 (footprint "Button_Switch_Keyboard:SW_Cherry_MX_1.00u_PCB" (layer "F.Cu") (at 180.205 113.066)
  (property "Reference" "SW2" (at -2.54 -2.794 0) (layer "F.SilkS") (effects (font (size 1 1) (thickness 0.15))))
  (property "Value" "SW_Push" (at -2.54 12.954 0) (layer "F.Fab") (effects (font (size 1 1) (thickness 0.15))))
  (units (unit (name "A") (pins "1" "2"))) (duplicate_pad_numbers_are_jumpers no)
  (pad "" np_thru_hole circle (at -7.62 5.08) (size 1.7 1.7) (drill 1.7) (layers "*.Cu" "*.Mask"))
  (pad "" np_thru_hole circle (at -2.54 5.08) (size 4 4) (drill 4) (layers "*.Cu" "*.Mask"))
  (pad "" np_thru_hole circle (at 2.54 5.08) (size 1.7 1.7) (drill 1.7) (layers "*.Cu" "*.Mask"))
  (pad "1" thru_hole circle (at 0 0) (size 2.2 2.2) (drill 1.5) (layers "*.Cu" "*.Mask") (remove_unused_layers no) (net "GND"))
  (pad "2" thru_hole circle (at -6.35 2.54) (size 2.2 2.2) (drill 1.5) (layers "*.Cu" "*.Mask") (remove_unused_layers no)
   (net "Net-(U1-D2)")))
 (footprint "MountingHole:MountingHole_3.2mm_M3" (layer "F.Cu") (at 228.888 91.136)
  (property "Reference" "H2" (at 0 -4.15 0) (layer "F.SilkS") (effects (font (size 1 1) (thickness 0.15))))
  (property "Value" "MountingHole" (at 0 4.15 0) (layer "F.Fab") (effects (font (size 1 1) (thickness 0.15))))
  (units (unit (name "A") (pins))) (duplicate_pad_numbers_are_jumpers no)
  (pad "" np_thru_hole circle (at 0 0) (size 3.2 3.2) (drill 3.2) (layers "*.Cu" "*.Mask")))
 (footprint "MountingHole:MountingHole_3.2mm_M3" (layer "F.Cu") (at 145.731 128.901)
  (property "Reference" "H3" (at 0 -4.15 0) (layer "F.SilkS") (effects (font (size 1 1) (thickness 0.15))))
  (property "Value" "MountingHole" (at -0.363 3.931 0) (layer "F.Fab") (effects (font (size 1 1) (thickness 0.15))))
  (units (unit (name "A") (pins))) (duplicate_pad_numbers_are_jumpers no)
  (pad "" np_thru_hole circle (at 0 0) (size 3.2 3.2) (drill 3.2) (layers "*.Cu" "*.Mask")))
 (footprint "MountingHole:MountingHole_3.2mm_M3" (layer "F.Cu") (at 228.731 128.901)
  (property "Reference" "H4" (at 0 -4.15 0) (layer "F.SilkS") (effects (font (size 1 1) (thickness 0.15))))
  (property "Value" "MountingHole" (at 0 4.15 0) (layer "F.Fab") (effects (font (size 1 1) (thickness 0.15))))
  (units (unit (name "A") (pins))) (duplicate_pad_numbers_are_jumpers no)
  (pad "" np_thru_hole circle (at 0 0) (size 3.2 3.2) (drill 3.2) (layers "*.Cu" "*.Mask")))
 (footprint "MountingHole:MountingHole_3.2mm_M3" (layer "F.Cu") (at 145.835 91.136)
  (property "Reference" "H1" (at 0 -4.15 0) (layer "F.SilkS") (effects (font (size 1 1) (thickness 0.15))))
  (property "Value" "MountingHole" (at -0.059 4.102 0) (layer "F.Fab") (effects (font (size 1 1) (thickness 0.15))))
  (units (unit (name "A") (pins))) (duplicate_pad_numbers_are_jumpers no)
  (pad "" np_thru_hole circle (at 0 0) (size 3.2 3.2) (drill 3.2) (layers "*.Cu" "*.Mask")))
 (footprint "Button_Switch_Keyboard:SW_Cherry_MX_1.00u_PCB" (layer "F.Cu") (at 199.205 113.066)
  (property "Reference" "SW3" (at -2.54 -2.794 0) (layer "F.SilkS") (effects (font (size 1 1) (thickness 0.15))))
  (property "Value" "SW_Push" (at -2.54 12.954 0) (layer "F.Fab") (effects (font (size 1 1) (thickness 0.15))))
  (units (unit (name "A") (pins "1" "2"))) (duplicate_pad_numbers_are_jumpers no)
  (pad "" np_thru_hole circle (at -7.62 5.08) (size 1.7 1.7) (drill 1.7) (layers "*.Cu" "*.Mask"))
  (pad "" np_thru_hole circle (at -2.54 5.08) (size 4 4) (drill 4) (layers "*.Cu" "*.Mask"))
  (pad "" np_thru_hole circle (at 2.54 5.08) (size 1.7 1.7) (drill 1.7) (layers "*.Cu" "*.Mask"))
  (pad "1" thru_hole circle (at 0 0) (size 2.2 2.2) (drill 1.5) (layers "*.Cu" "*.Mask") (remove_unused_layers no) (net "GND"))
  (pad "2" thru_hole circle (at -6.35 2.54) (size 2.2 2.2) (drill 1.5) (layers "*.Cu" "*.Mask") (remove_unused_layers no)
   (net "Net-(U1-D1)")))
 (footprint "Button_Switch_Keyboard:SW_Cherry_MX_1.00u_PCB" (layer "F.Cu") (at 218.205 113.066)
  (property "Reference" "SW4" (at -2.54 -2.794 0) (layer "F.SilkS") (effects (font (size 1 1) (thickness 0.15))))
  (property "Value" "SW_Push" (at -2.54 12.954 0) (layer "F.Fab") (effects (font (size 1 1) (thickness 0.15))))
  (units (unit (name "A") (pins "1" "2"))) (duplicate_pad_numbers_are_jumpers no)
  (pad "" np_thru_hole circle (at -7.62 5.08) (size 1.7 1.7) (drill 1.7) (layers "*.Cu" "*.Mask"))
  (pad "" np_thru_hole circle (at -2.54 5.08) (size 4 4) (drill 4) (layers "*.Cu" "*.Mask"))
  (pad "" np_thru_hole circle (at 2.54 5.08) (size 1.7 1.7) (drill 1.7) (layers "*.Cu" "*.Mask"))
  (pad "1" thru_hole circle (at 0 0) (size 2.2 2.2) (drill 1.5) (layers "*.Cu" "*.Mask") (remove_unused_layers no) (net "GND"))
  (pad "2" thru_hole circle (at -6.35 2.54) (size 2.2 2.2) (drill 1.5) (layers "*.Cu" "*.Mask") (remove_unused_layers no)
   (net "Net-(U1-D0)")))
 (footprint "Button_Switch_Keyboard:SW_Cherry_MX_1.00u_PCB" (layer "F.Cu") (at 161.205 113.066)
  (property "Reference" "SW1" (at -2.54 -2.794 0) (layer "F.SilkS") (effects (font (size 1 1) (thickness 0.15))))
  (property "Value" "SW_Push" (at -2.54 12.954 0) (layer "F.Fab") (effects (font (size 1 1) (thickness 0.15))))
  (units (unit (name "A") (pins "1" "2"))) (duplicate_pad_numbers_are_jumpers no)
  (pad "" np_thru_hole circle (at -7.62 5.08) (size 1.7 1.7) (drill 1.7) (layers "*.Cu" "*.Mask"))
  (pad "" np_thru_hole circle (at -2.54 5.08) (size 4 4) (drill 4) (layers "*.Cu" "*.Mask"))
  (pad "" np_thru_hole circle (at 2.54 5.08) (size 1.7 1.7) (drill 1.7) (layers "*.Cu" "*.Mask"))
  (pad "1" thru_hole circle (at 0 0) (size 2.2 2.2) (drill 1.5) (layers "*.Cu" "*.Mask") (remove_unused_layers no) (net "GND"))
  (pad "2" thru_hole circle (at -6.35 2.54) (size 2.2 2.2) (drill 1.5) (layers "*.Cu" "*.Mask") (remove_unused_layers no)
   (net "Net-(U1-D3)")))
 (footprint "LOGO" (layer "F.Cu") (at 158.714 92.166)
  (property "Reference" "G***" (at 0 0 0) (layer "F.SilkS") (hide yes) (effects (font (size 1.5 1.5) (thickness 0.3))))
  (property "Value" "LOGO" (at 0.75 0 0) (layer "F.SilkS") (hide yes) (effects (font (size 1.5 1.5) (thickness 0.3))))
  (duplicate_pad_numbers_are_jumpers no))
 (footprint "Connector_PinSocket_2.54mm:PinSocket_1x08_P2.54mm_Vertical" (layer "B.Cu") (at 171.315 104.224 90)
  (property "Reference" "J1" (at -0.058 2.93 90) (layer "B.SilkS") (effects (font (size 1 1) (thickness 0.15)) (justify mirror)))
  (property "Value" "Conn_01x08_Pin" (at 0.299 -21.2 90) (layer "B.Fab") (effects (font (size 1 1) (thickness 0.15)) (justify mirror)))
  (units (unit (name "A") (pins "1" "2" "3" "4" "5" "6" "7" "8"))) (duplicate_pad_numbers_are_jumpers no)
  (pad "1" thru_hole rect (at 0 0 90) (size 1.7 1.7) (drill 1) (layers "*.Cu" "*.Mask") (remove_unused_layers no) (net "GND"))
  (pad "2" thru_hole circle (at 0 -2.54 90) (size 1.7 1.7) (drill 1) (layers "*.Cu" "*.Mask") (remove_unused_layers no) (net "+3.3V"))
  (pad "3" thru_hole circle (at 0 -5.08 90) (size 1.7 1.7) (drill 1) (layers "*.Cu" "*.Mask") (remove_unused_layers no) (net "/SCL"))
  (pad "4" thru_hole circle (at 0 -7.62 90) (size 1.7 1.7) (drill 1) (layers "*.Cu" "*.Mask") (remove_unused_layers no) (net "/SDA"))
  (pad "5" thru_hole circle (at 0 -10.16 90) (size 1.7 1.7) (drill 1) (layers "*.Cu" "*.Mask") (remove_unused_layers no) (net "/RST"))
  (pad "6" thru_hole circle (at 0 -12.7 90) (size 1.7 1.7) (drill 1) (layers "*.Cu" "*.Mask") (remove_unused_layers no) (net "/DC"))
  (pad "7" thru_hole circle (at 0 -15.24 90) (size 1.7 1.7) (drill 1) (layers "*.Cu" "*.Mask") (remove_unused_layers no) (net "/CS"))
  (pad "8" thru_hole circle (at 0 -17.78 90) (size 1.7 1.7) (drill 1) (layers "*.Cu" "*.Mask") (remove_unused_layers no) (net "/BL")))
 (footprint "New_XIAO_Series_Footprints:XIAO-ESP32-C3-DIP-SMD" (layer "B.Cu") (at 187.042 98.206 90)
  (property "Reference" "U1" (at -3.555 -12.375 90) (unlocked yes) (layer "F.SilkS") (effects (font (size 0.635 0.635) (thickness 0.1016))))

(PROBLEM DETAILS): Give the number of lines above in which the word "mirror" occurs, with nothing else.

(ANSWER TO THE PROBLEM): 2